Paris Peace Accords 23 Oct. 1991

Wednesday, February 15, 2017

[Vietnamization: Logging] Government Records Expose Widespread Violations of Wood Export Ban

Government Records Expose Widespread Violations of Wood Export Ban

The Cambodia Daily | 14 February 2017
Cambodian timber continues to make its way into Vietnam despite a blanket ban on exports there, government records from both countries show.
Vietnamese customs data show the country imported 171,438 cubic meters of Cambodian sawn wood last year, in spite of a ban on sales there enacted in January while Cambodia’s general department of customs and excise counted 4,230 cubic meters.
“The customs data show that the export ban remains largely a paper tiger,” said Marcus Hardke, an independent environmental expert who has spent two decades investigating deforestation.
The Vietnamese data, obtained by U.S. NGO Forest Trends, amounted to less than half of 2015 imports, but exceeded the 154,000 cubic meters tallied in 2014.
Cambodian export records have also differed wildly from its neighbors in the past, with the government counting almost $1 billion less in wood exports than the rest of the world reported receiving from the country between 2005 and last year, according to figures the countries supplied to the U.N.
Xuan Phuc, a regional trade and finance analyst for Forest Trends, said while the drop compared to 2015 was significant, the export numbers were “still huge.”

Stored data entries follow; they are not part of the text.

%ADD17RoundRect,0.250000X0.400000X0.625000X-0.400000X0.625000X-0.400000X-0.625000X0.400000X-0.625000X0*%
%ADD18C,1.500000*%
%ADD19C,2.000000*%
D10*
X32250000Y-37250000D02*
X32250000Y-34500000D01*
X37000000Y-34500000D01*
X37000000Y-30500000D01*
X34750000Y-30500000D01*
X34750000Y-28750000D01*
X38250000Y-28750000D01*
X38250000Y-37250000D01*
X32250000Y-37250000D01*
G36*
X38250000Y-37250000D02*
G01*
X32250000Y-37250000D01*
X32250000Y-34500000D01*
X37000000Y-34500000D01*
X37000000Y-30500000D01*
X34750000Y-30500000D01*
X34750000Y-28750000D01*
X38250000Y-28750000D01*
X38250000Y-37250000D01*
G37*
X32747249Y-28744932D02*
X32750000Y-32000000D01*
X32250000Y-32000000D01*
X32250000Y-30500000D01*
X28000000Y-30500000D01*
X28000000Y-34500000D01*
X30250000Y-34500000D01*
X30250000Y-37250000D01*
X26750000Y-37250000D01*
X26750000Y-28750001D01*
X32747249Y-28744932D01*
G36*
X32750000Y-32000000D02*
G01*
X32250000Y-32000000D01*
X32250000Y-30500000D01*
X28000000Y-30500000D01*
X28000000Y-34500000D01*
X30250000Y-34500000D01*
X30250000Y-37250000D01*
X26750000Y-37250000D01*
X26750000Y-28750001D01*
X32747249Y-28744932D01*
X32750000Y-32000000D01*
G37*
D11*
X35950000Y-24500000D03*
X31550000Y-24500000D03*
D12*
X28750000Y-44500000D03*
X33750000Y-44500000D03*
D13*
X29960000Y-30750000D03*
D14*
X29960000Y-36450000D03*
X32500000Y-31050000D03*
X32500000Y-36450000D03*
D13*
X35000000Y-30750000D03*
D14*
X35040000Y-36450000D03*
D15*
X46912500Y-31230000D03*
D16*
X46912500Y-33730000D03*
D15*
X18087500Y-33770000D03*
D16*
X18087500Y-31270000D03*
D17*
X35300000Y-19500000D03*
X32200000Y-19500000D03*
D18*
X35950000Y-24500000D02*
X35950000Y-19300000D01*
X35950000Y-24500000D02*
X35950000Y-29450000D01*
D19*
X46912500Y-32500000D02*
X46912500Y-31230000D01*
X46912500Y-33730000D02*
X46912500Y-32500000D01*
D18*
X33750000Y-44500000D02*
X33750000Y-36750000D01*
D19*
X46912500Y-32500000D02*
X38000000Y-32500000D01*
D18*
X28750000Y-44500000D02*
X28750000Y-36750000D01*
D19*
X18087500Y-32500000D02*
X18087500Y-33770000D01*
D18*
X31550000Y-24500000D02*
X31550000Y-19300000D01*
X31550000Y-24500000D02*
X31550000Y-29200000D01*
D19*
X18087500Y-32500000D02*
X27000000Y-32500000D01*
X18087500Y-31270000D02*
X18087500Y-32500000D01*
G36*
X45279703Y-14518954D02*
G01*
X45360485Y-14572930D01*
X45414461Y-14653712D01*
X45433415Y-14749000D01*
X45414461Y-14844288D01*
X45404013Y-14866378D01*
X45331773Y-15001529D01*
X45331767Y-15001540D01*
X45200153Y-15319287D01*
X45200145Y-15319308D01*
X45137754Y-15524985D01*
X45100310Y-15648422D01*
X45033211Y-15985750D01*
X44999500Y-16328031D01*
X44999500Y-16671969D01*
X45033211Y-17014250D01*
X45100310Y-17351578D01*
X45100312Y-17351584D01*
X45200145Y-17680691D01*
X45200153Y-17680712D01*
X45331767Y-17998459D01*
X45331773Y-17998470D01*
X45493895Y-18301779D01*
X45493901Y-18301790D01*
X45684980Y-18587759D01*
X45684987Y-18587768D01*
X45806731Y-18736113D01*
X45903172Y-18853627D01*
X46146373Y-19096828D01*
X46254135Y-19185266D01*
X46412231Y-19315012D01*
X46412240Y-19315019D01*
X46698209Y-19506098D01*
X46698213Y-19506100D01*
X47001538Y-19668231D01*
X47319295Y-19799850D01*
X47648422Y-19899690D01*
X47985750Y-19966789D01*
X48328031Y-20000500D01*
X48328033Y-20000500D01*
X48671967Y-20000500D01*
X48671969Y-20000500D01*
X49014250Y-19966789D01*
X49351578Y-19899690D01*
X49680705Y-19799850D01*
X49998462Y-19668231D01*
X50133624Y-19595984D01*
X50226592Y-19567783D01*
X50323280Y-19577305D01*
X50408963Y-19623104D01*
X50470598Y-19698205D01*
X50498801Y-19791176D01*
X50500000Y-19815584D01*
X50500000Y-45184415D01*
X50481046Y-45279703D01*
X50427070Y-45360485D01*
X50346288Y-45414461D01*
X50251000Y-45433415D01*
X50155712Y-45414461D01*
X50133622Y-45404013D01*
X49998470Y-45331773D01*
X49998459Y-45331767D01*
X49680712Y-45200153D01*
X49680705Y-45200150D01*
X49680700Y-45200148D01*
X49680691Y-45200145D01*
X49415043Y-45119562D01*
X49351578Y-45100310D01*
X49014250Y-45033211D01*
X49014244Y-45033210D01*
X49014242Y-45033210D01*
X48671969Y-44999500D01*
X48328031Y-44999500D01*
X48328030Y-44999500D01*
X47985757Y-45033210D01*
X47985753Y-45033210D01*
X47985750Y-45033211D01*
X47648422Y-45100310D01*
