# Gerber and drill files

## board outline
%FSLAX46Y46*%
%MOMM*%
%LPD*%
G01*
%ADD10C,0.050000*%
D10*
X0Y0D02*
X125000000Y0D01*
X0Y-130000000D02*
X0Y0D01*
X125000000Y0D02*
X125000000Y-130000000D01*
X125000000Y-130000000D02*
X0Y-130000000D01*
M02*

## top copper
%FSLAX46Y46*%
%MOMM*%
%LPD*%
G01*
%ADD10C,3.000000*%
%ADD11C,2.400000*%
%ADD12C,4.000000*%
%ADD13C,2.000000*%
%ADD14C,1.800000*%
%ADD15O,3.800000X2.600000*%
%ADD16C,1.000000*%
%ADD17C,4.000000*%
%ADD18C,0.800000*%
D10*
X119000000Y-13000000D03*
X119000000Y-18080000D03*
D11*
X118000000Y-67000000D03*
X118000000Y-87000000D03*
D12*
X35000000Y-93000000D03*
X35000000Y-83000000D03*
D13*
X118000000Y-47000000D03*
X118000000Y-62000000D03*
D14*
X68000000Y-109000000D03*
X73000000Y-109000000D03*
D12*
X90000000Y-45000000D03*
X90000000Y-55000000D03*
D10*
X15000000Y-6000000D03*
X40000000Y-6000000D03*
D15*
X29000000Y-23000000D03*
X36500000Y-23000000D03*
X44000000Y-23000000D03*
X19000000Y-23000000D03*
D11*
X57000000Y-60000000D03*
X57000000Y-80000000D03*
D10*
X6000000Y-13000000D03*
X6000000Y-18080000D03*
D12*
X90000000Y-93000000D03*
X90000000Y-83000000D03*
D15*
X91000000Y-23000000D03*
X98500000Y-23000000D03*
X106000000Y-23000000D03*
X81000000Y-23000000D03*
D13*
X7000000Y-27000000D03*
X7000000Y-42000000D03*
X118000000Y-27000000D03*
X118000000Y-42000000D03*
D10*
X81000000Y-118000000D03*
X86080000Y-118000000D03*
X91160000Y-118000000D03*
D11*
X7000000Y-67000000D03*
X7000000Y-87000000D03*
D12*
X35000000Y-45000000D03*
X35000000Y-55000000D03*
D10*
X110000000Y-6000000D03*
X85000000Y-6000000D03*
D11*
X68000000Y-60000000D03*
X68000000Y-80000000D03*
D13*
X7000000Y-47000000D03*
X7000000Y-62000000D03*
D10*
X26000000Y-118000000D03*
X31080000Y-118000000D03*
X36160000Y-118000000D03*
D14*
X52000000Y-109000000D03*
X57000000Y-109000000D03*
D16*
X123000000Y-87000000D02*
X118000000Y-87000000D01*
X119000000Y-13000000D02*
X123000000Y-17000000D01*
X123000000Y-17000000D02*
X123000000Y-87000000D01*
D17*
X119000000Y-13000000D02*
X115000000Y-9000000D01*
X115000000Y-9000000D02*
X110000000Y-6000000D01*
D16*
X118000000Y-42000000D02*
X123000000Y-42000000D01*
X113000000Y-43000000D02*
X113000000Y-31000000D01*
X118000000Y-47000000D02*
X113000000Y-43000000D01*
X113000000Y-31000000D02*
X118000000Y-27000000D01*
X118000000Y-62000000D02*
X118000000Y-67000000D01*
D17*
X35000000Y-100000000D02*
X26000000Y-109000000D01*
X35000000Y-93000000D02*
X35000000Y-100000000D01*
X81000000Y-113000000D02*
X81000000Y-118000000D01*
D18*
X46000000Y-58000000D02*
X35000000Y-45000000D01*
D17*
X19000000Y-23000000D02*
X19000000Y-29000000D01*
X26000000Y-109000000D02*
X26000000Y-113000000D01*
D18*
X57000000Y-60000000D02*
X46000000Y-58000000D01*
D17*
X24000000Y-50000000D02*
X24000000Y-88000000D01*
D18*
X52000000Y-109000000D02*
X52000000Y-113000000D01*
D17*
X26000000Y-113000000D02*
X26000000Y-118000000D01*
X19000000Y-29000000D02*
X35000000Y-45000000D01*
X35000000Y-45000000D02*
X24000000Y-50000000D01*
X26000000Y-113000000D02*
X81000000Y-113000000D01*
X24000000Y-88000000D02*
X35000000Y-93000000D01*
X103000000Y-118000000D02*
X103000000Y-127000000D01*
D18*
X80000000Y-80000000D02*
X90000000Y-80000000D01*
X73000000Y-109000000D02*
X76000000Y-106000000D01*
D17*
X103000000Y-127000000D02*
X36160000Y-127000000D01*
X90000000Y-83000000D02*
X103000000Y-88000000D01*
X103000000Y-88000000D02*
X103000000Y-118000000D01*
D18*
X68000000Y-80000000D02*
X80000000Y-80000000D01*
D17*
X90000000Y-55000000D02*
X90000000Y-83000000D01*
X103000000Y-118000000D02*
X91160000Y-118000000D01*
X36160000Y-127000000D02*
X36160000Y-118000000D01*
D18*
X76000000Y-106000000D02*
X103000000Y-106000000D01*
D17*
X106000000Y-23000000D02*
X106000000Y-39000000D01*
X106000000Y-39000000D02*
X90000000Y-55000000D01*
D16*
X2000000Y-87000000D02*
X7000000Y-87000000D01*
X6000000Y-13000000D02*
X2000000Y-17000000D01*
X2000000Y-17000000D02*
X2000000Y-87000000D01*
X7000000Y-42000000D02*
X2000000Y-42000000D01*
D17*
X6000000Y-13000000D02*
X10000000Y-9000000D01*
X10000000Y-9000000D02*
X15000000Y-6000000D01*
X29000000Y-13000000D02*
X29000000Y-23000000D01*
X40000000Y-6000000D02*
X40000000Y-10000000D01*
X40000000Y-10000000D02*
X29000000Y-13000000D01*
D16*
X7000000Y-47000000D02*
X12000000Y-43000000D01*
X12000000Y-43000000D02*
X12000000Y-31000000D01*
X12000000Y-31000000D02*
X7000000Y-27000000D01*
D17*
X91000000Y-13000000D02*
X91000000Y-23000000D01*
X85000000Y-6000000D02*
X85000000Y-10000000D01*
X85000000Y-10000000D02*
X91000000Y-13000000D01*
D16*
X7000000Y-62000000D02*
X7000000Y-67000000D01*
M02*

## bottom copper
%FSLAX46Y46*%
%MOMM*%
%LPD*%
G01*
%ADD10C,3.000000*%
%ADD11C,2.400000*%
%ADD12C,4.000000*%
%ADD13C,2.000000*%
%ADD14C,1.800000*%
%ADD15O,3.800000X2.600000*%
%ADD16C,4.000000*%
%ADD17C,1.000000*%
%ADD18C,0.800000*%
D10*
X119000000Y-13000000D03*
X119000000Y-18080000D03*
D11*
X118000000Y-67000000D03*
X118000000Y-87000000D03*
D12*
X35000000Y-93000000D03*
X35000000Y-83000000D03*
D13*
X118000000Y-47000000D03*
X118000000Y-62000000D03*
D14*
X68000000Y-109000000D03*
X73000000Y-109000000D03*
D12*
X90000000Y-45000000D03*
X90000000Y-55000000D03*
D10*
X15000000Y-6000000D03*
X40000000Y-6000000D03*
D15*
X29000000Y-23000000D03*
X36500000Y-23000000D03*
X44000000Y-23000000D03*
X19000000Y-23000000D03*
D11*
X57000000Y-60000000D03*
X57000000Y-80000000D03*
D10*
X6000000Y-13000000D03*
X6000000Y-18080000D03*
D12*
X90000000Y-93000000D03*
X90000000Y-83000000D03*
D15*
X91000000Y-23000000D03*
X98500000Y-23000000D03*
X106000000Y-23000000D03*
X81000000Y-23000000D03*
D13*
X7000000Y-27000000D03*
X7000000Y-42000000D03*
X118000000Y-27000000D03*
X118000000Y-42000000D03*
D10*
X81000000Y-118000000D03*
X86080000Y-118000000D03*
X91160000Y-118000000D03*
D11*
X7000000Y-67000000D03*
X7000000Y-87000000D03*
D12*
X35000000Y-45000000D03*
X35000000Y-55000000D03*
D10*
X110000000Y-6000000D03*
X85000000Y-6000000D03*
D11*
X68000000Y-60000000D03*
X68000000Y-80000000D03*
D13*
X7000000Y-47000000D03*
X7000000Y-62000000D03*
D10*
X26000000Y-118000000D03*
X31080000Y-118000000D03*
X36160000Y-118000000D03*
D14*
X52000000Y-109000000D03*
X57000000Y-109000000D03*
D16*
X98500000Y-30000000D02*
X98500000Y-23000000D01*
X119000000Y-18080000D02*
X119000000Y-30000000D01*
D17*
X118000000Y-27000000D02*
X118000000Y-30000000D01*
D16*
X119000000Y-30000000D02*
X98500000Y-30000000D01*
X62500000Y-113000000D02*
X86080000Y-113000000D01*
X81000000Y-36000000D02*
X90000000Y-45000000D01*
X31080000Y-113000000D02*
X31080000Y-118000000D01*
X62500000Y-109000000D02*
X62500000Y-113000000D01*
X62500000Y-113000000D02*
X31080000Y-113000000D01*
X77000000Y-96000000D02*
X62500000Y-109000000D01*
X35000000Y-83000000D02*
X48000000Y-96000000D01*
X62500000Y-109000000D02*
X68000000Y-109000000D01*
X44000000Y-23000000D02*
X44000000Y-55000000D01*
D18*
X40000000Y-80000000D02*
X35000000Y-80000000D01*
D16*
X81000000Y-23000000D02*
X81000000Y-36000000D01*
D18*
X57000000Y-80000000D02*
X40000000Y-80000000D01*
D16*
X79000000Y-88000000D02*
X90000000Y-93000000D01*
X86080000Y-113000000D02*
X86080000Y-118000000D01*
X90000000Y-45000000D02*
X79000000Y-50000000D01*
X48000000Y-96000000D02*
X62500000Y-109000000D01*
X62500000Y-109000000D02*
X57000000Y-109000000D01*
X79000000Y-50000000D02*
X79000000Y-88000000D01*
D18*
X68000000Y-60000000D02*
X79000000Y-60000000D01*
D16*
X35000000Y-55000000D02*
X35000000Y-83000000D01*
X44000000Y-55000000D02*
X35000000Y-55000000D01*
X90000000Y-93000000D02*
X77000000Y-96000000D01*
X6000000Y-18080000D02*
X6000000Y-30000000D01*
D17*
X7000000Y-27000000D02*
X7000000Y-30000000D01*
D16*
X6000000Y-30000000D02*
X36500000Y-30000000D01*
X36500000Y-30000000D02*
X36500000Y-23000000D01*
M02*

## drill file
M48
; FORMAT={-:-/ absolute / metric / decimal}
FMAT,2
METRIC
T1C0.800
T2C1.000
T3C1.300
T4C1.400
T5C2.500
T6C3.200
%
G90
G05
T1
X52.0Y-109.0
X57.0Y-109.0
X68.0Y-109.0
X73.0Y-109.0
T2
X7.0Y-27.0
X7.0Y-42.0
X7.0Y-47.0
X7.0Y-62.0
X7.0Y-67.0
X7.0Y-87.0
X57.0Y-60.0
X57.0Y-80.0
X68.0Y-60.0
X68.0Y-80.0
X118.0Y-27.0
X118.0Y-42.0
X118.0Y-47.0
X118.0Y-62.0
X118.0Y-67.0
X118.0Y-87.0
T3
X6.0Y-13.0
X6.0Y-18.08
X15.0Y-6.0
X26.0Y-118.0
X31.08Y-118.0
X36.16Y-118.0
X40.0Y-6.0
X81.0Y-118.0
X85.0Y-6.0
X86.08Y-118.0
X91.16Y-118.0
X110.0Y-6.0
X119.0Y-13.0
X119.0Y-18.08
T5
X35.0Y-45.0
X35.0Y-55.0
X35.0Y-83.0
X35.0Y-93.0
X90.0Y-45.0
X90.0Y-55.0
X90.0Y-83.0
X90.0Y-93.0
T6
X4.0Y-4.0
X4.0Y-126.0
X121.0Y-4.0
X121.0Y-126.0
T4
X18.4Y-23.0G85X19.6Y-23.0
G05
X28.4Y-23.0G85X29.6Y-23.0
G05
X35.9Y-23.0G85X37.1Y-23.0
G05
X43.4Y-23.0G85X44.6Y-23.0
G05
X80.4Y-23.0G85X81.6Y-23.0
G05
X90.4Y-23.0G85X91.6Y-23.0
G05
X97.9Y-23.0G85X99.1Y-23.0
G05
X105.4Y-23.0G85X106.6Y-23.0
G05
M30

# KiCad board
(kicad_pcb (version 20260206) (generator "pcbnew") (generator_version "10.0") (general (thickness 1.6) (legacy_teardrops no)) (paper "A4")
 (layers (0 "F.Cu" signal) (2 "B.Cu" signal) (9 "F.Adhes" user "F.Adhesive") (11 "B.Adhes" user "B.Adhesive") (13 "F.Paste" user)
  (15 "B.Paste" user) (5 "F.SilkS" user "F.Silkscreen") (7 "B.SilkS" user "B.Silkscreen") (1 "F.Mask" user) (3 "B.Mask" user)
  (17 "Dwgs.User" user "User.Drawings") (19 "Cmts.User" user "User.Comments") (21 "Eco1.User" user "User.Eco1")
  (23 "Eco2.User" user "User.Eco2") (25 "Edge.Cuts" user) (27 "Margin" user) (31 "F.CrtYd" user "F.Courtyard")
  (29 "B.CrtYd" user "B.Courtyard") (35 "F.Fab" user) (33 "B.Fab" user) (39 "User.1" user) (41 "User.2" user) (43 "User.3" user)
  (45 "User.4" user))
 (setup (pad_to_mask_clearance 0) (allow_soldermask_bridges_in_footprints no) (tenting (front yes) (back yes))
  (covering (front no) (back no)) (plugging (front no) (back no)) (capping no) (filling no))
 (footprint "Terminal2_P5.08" (layer "F.Cu") (at 119 13 -90)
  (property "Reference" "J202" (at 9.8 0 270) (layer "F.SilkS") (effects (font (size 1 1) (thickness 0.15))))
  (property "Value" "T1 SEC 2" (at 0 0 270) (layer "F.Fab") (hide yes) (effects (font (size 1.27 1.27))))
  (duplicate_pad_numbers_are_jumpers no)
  (pad "1" thru_hole circle (at 0 0 270) (size 3 3) (drill 1.3) (layers "*.Cu" "*.Mask") (remove_unused_layers no) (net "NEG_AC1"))
  (pad "2" thru_hole circle (at 5.08 0 270) (size 3 3) (drill 1.3) (layers "*.Cu" "*.Mask") (remove_unused_layers no) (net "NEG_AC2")))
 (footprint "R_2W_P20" (layer "F.Cu") (at 118 67 -90)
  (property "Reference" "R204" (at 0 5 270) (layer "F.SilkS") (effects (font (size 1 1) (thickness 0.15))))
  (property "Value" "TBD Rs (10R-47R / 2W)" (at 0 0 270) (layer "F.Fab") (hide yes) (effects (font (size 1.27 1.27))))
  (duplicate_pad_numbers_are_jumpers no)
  (pad "1" thru_hole circle (at 0 0 270) (size 2.4 2.4) (drill 1) (layers "*.Cu" "*.Mask") (remove_unused_layers no) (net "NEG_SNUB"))
  (pad "2" thru_hole circle (at 20 0 270) (size 2.4 2.4) (drill 1) (layers "*.Cu" "*.Mask") (remove_unused_layers no) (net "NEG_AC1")))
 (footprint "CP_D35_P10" (layer "F.Cu") (at 35 93 90)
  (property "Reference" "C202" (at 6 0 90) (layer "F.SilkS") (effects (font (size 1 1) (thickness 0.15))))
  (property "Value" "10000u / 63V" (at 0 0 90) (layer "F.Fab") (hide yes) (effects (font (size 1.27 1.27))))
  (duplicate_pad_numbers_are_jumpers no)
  (pad "1" thru_hole circle (at 0 0 90) (size 4 4) (drill 2.5) (layers "*.Cu" "*.Mask") (remove_unused_layers no) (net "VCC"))
  (pad "2" thru_hole circle (at 10 0 90) (size 4 4) (drill 2.5) (layers "*.Cu" "*.Mask") (remove_unused_layers no) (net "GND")))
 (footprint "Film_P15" (layer "F.Cu") (at 118 47 -90)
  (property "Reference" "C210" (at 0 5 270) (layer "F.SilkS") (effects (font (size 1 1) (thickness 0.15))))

The numbers appear to validate skepticism over the timber ban and crackdown enacted by National Military Police in January last year, with many having doubted that the military police would actually halt the relentless flow of Cambodian timber—often illegally logged—to Vietnam.
Mr. Hardke called the crackdown “more of a shakedown and business dispute” than a concerted effort to stop the trade.
“Logging and clearing in community forests is condoned, in some places even encouraged,” he wrote in an email. “Everything seems negotiable and more often than not, perpetrators miraculously escape identification.”
Eng Hy, spokesman for the National Military Police, repeated past claims that he could not verify the accuracy of Forest Trends’ reports without seeing them, in spite of regular questions about the amount of timber recorded moving across the border with Vietnam.
“We have never recognized any figures besides the reports of our task force, so I do not know the figure mentioned in the report from a customs office in Vietnam,” he said. “The national task force has a duty to stop illegal logging…so we have no time to find the source of the figures to prove whether the report is true or not.”